I believe this prohibition targets developer-implemented mechanisms that explicitly enable background playback (hidden iframes, audio extraction, wake locks, service workers bypassing browser autoplay restrictions).

In my scenario, I'm not implementing any such bypass. The browser's default autoplay handling determines whether Video B starts playing or not.

Two implementation options

Option A: No explicit gating

function onPlayerStateChange(event) { if (event.data === YT.PlayerState.ENDED) { const nextId = playlist.shift(); if (nextId) player.loadVideoById(nextId); } }

Option B: Explicit visibility gating

let pendingNext = null; function onPlayerStateChange(event) { if (event.data === YT.PlayerState.ENDED) { if (document.visibilityState !== 'visible') { pendingNext = playlist.shift(); return; } const nextId = playlist.shift(); if (nextId) player.loadVideoById(nextId); } } document.addEventListener('visibilitychange', () => { if (document.visibilityState === 'visible' && pendingNext) { player.loadVideoById(pendingNext); pendingNext = null; } });

My question

Does Option A constitute "allowing for background playback" in the sense prohibited by the YouTube Developer Policies, even though the developer is not implementing any explicit bypass mechanism?

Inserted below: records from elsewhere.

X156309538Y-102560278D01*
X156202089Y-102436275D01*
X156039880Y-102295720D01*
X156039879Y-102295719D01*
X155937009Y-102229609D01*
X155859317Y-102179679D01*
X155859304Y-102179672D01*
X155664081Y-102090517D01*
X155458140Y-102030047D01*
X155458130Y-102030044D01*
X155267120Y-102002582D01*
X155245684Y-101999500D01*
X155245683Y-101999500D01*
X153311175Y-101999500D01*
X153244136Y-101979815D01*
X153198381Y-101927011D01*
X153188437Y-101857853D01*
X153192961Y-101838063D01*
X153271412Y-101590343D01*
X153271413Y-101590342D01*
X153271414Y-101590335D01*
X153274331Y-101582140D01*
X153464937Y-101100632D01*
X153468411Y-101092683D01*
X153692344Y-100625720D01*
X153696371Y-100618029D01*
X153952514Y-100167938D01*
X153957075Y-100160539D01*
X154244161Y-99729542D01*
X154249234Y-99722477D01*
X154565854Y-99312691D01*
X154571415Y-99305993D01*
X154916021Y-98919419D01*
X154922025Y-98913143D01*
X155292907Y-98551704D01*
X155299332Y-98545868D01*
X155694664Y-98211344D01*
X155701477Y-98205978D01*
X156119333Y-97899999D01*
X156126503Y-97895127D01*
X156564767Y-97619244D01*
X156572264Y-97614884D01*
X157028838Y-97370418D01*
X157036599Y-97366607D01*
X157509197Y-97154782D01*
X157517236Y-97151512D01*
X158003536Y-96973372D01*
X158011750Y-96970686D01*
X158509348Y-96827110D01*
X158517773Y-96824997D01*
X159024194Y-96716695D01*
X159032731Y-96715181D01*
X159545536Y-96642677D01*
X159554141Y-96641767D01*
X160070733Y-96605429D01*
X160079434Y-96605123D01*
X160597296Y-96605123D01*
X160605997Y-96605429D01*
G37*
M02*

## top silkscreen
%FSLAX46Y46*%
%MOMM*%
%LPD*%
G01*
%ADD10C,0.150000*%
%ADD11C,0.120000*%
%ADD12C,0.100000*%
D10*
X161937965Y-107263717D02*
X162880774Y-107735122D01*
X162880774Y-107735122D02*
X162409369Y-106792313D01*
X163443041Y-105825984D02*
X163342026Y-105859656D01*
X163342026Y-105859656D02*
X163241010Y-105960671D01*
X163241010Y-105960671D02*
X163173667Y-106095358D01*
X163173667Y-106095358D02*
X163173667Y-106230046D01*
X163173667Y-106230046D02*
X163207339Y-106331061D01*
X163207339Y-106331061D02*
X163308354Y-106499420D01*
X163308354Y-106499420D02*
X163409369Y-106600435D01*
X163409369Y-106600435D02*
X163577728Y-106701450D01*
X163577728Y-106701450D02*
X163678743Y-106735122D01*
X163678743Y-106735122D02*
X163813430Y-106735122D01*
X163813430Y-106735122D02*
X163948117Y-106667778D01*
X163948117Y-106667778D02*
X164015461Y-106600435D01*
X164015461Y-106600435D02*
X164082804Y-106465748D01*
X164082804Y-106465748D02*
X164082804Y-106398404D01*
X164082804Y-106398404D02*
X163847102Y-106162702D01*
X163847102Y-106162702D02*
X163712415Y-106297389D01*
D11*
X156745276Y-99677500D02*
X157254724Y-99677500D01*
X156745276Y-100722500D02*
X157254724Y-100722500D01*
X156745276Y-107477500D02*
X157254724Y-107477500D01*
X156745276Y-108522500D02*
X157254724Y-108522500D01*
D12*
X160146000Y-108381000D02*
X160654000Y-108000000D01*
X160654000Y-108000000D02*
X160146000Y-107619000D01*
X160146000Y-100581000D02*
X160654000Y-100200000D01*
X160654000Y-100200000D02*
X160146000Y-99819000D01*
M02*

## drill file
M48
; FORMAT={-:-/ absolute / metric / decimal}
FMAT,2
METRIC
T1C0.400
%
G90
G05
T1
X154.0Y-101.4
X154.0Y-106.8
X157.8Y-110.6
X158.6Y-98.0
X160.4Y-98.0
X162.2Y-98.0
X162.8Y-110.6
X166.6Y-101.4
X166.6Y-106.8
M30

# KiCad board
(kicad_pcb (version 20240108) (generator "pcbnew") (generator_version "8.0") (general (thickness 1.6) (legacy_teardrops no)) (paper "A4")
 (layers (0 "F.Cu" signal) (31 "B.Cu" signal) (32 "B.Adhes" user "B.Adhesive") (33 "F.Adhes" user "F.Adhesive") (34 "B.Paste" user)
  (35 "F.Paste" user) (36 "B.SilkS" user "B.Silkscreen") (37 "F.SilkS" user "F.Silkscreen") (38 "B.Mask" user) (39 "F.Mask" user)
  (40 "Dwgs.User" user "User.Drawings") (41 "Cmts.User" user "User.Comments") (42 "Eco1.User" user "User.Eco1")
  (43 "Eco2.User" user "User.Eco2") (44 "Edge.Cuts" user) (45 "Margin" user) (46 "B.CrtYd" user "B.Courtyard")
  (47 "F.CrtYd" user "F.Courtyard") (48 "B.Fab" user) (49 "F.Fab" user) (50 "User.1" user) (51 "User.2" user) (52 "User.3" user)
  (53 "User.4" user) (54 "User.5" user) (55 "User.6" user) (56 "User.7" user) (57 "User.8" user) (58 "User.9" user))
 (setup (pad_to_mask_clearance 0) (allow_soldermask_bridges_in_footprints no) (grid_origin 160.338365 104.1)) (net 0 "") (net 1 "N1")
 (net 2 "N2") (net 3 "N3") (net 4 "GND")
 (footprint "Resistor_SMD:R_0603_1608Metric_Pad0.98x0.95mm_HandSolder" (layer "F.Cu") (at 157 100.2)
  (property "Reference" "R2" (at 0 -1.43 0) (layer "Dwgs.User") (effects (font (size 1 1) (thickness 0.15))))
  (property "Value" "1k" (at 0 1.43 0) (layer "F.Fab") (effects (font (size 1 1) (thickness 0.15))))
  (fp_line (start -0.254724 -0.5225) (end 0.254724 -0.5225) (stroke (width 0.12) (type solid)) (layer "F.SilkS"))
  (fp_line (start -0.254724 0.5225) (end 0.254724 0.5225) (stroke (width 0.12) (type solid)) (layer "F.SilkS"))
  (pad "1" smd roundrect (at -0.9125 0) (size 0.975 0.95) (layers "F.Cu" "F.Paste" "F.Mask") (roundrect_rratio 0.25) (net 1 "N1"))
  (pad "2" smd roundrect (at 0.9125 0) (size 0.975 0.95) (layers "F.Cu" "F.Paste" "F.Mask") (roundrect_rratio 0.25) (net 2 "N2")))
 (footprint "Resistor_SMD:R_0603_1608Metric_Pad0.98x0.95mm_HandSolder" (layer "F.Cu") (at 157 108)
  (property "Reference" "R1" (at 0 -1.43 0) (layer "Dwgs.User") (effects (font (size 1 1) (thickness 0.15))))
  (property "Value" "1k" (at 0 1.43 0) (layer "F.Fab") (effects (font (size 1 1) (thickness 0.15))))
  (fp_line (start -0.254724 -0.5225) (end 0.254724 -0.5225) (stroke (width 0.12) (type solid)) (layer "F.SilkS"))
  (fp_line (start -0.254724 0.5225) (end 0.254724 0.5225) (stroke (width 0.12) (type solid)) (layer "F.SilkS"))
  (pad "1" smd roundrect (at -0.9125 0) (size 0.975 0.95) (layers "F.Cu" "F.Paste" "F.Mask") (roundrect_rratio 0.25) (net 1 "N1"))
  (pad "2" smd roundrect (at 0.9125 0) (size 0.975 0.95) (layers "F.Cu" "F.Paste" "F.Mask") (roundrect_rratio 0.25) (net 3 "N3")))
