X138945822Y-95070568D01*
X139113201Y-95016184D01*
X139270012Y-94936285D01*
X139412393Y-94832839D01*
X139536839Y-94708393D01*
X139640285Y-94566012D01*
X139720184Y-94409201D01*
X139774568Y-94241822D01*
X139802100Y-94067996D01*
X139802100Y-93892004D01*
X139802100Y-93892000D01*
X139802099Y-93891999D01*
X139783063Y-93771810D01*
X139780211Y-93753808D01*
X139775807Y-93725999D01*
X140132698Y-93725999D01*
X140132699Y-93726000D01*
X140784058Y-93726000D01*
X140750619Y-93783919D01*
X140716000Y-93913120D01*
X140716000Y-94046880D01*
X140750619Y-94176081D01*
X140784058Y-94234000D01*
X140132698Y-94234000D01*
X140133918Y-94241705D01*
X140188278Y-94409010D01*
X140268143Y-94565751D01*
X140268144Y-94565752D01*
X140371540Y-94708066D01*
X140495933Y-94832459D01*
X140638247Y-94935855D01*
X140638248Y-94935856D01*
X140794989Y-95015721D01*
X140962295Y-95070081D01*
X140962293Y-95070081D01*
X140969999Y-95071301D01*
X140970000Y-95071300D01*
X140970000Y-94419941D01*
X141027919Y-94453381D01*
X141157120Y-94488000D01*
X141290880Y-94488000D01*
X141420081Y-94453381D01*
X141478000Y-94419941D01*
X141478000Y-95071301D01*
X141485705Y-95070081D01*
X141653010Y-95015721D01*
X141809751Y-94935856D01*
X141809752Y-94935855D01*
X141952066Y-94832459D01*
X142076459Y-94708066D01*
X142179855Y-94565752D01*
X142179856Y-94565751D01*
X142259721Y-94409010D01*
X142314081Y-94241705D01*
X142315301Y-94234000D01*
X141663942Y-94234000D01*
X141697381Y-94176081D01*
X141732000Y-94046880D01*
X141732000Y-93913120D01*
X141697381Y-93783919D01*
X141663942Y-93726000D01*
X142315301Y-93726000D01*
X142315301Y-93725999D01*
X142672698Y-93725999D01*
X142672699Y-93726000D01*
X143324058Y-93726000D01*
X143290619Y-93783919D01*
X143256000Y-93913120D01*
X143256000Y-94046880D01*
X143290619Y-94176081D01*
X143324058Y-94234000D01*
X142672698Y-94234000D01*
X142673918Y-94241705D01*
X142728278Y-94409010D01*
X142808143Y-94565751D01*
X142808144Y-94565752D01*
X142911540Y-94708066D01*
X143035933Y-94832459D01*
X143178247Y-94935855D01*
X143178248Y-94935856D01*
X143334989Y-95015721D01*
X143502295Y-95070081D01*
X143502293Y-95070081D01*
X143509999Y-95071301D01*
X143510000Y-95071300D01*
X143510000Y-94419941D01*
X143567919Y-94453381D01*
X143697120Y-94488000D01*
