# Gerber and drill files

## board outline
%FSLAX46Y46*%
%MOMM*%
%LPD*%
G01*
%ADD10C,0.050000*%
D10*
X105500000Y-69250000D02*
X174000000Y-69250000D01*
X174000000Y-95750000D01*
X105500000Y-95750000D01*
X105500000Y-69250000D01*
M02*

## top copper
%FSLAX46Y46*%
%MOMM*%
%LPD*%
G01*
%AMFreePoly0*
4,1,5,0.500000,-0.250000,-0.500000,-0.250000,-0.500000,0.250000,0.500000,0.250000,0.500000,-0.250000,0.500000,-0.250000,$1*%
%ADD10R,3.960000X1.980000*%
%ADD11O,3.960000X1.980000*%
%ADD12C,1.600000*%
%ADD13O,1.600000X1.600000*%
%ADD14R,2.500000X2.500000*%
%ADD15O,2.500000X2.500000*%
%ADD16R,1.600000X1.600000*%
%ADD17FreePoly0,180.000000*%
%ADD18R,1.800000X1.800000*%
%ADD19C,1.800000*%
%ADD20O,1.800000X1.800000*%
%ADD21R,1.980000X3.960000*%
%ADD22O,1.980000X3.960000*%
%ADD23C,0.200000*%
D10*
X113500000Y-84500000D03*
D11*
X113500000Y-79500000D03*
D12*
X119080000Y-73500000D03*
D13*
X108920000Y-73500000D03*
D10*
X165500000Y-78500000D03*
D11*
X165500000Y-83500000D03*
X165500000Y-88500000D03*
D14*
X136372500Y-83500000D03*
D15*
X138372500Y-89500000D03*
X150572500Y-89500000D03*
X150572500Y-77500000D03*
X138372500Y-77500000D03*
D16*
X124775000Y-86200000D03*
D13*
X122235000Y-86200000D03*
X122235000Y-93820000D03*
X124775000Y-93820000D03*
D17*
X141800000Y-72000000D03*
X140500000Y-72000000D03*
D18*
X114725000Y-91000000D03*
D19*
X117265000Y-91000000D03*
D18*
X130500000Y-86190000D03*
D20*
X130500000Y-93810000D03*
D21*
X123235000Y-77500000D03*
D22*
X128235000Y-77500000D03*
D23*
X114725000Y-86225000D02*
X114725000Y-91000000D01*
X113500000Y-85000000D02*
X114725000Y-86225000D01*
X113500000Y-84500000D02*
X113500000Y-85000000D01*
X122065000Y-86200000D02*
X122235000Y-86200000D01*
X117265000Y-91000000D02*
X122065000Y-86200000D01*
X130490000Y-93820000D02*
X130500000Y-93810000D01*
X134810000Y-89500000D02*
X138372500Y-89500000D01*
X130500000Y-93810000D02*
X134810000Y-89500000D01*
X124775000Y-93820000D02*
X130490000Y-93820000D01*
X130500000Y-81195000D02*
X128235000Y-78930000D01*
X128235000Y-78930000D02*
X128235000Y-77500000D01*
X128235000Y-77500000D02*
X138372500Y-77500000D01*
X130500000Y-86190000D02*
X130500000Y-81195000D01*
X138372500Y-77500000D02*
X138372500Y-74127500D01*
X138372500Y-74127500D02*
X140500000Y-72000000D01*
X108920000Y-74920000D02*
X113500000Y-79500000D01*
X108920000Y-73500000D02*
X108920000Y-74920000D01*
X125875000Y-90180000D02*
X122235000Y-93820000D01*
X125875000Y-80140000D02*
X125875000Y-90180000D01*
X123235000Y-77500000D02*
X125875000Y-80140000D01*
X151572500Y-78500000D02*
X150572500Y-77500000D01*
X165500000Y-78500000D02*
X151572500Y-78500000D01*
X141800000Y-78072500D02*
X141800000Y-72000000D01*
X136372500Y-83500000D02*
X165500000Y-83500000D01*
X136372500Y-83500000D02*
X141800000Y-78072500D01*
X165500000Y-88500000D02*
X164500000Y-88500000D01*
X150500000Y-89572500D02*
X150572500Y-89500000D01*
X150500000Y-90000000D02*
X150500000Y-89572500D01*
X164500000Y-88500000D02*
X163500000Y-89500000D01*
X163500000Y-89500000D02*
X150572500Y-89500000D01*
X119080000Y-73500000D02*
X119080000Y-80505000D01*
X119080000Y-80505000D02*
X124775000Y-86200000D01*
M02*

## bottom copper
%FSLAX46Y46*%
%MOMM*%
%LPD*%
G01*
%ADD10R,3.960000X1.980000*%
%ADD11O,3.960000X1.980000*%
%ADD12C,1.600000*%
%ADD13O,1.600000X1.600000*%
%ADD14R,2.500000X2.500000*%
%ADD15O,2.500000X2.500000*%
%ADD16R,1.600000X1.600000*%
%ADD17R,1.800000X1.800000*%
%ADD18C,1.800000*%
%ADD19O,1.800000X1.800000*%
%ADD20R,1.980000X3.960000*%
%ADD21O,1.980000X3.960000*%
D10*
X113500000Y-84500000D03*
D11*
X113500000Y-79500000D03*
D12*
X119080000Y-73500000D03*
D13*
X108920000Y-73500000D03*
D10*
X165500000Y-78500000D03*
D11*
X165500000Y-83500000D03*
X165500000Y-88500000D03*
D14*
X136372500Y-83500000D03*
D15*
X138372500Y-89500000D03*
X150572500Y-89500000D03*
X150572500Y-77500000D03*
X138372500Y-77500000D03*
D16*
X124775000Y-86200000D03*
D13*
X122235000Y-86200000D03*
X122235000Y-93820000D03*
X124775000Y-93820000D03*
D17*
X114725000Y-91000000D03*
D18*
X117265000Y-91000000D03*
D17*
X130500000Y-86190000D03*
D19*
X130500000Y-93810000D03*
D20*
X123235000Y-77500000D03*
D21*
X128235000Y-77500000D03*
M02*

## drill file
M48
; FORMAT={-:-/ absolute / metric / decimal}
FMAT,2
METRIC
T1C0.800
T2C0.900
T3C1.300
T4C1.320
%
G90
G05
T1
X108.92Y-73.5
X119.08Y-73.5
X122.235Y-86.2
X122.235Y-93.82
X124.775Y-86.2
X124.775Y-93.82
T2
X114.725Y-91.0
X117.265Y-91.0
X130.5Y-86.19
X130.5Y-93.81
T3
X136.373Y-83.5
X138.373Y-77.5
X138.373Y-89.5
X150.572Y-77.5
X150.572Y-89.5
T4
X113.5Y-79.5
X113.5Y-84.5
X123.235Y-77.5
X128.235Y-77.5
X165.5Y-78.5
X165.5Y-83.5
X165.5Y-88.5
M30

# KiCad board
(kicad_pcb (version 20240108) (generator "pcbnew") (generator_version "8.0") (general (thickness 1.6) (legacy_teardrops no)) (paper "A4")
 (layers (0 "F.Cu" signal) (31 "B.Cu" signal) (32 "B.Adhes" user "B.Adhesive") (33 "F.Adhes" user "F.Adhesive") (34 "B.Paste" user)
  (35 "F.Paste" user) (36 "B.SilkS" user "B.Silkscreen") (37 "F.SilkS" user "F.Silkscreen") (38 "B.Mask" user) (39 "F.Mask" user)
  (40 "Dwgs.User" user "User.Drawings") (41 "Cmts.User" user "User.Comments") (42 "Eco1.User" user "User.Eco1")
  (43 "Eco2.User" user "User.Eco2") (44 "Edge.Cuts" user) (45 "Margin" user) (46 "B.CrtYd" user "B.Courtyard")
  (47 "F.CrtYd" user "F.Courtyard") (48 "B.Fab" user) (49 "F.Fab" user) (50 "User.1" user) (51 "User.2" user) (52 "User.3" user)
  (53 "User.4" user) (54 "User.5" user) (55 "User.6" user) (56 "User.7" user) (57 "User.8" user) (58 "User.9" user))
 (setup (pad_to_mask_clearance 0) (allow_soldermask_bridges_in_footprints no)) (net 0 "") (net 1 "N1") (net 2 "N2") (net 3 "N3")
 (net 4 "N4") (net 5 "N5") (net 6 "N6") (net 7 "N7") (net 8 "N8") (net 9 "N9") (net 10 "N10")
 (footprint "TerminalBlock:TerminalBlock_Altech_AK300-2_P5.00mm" (layer "F.Cu") (at 113.5 84.5 90)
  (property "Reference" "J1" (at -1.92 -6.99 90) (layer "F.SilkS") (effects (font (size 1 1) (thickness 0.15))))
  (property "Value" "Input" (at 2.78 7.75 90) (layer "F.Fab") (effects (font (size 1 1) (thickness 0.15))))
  (pad "1" thru_hole rect (at 0 0 90) (size 1.98 3.96) (drill 1.32) (layers "*.Cu" "*.Mask") (remove_unused_layers no) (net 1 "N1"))
  (pad "2" thru_hole oval (at 5 0 90) (size 1.98 3.96) (drill 1.32) (layers "*.Cu" "*.Mask") (remove_unused_layers no) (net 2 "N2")))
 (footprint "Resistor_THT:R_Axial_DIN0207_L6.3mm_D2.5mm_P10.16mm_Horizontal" (layer "F.Cu") (at 119.08 73.5 180)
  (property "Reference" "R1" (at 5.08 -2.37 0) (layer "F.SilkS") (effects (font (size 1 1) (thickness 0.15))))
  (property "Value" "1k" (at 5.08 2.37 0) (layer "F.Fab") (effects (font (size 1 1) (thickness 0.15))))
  (pad "1" thru_hole circle (at 0 0 180) (size 1.6 1.6) (drill 0.8) (layers "*.Cu" "*.Mask") (remove_unused_layers no) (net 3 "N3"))
  (pad "2" thru_hole oval (at 10.16 0 180) (size 1.6 1.6) (drill 0.8) (layers "*.Cu" "*.Mask") (remove_unused_layers no) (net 2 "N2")))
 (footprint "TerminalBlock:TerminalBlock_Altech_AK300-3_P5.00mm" (layer "F.Cu") (at 165.5 78.5 -90)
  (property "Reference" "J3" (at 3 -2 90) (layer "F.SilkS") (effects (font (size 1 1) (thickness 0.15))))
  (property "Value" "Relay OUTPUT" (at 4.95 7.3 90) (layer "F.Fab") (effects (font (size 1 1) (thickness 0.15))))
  (pad "1" thru_hole rect (at 0 0 270) (size 1.98 3.96) (drill 1.32) (layers "*.Cu" "*.Mask") (remove_unused_layers no) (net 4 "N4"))
  (pad "2" thru_hole oval (at 5 0 270) (size 1.98 3.96) (drill 1.32) (layers "*.Cu" "*.Mask") (remove_unused_layers no) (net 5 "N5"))
  (pad "3" thru_hole oval (at 10 0 270) (size 1.98 3.96) (drill 1.32) (layers "*.Cu" "*.Mask") (remove_unused_layers no) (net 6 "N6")))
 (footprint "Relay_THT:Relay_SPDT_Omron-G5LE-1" (layer "F.Cu") (at 136.3725 83.5 90)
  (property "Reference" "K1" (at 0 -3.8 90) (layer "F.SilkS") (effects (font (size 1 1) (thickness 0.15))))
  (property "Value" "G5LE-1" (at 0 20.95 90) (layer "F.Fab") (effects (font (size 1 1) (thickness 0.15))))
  (pad "1" thru_hole rect (at 0 0 90) (size 2.5 2.5) (drill 1.3) (layers "*.Cu" "*.Mask") (remove_unused_layers no) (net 5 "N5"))
  (pad "2" thru_hole oval (at -6 2 90) (size 2.5 2.5) (drill 1.3) (layers "*.Cu" "*.Mask") (remove_unused_layers no) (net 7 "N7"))
  (pad "3" thru_hole oval (at -6 14.2 90) (size 2.5 2.5) (drill 1.3) (layers "*.Cu" "*.Mask") (remove_unused_layers no) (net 6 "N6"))
  (pad "4" thru_hole oval (at 6 14.2 90) (size 2.5 2.5) (drill 1.3) (layers "*.Cu" "*.Mask") (remove_unused_layers no) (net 4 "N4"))
  (pad "5" thru_hole oval (at 6 2 90) (size 2.5 2.5) (drill 1.3) (layers "*.Cu" "*.Mask") (remove_unused_layers no) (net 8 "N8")))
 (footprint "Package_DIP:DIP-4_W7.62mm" (layer "F.Cu") (at 124.775 86.2 -90)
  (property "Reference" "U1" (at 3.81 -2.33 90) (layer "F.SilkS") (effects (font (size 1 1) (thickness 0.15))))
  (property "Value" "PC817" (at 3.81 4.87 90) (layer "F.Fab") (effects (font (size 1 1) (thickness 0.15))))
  (pad "1" thru_hole rect (at 0 0 270) (size 1.6 1.6) (drill 0.8) (layers "*.Cu" "*.Mask") (remove_unused_layers no) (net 3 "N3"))
  (pad "2" thru_hole oval (at 0 2.54 270) (size 1.6 1.6) (drill 0.8) (layers "*.Cu" "*.Mask") (remove_unused_layers no) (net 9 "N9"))
  (pad "3" thru_hole oval (at 7.62 2.54 270) (size 1.6 1.6) (drill 0.8) (layers "*.Cu" "*.Mask") (remove_unused_layers no) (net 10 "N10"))
  (pad "4" thru_hole oval (at 7.62 0 270) (size 1.6 1.6) (drill 0.8) (layers "*.Cu" "*.Mask") (remove_unused_layers no) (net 7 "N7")))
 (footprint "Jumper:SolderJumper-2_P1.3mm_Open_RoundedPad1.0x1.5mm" (layer "F.Cu") (at 141.15 72 180)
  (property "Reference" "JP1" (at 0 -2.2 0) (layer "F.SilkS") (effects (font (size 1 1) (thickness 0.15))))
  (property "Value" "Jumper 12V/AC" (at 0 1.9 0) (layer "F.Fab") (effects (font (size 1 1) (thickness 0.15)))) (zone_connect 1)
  (pad "1" smd custom (at -0.65 0 180) (size 1 0.5) (layers "F.Cu" "F.Mask") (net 5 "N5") (zone_connect 2) (thermal_bridge_angle 45)
   (options (clearance outline) (anchor rect)) (primitives))
  (pad "2" smd custom (at 0.65 0 180) (size 1 0.5) (layers "F.Cu" "F.Mask") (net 8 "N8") (zone_connect 2) (thermal_bridge_angle 45)
   (options (clearance outline) (anchor rect)) (primitives)))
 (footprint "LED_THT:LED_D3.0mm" (layer "F.Cu") (at 114.725 91)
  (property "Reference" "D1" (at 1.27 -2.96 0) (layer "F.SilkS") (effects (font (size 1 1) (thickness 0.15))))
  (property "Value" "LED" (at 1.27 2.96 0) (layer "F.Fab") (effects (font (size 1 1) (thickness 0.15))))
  (pad "1" thru_hole rect (at 0 0) (size 1.8 1.8) (drill 0.9) (layers "*.Cu" "*.Mask") (remove_unused_layers no) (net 1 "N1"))
  (pad "2" thru_hole circle (at 2.54 0) (size 1.8 1.8) (drill 0.9) (layers "*.Cu" "*.Mask") (remove_unused_layers no) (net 9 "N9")))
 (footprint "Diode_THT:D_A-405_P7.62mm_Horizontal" (layer "F.Cu") (at 130.5 86.19 -90)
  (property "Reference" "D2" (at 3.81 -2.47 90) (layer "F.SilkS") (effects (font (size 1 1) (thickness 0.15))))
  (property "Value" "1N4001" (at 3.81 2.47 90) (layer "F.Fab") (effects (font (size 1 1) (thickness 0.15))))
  (pad "1" thru_hole rect (at 0 0 270) (size 1.8 1.8) (drill 0.9) (layers "*.Cu" "*.Mask") (remove_unused_layers no) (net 8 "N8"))
  (pad "2" thru_hole oval (at 7.62 0 270) (size 1.8 1.8) (drill 0.9) (layers "*.Cu" "*.Mask") (remove_unused_layers no) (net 7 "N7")))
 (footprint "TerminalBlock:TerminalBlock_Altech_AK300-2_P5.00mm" (layer "F.Cu") (at 123.235 77.5)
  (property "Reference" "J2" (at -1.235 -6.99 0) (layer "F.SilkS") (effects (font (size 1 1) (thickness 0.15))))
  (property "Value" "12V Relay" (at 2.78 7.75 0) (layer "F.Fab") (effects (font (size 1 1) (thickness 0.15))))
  (pad "1" thru_hole rect (at 0 0) (size 1.98 3.96) (drill 1.32) (layers "*.Cu" "*.Mask") (remove_unused_layers no) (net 10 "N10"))
  (pad "2" thru_hole oval (at 5 0) (size 1.98 3.96) (drill 1.32) (layers "*.Cu" "*.Mask") (remove_unused_layers no) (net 8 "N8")))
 (gr_rect (start 105.5 69.25) (end 174 95.75) (stroke (width 0.05) (type default)) (fill none) (layer "Edge.Cuts"))
 (segment (start 114.725 86.225) (end 114.725 91) (width 0.2) (layer "F.Cu") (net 1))
 (segment (start 113.5 85) (end 114.725 86.225) (width 0.2) (layer "F.Cu") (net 1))
 (segment (start 113.5 84.5) (end 113.5 85) (width 0.2) (layer "F.Cu") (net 1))
 (segment (start 122.065 86.2) (end 122.235 86.2) (width 0.2) (layer "F.Cu") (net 9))
 (segment (start 117.265 91) (end 122.065 86.2) (width 0.2) (layer "F.Cu") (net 9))
 (segment (start 130.49 93.82) (end 130.5 93.81) (width 0.2) (layer "F.Cu") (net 7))
 (segment (start 134.81 89.5) (end 138.3725 89.5) (width 0.2) (layer "F.Cu") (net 7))
 (segment (start 130.5 93.81) (end 134.81 89.5) (width 0.2) (layer "F.Cu") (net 7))
 (segment (start 124.775 93.82) (end 130.49 93.82) (width 0.2) (layer "F.Cu") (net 7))
 (segment (start 130.5 81.195) (end 128.235 78.93) (width 0.2) (layer "F.Cu") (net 8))
 (segment (start 128.235 78.93) (end 128.235 77.5) (width 0.2) (layer "F.Cu") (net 8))
 (segment (start 128.235 77.5) (end 138.3725 77.5) (width 0.2) (layer "F.Cu") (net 8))
 (segment (start 130.5 86.19) (end 130.5 81.195) (width 0.2) (layer "F.Cu") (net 8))
 (segment (start 138.3725 77.5) (end 138.3725 74.1275) (width 0.2) (layer "F.Cu") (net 8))
 (segment (start 138.3725 74.1275) (end 140.5 72) (width 0.2) (layer "F.Cu") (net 8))
 (segment (start 108.92 74.92) (end 113.5 79.5) (width 0.2) (layer "F.Cu") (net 2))
 (segment (start 108.92 73.5) (end 108.92 74.92) (width 0.2) (layer "F.Cu") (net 2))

In other words: is Option B (explicit gating) required for policy compliance, or is Option A acceptable as long as no audio extraction, hidden players, or autoplay bypass mechanisms are used?

What I've already reviewed

YouTube API Services - Developer Policies Required Minimum Functionality Complying with YouTube's Developer Policies

I couldn't find an explicit clarification for this specific case (user-initiated foreground playback that continues into background, followed by autoplay queue progression).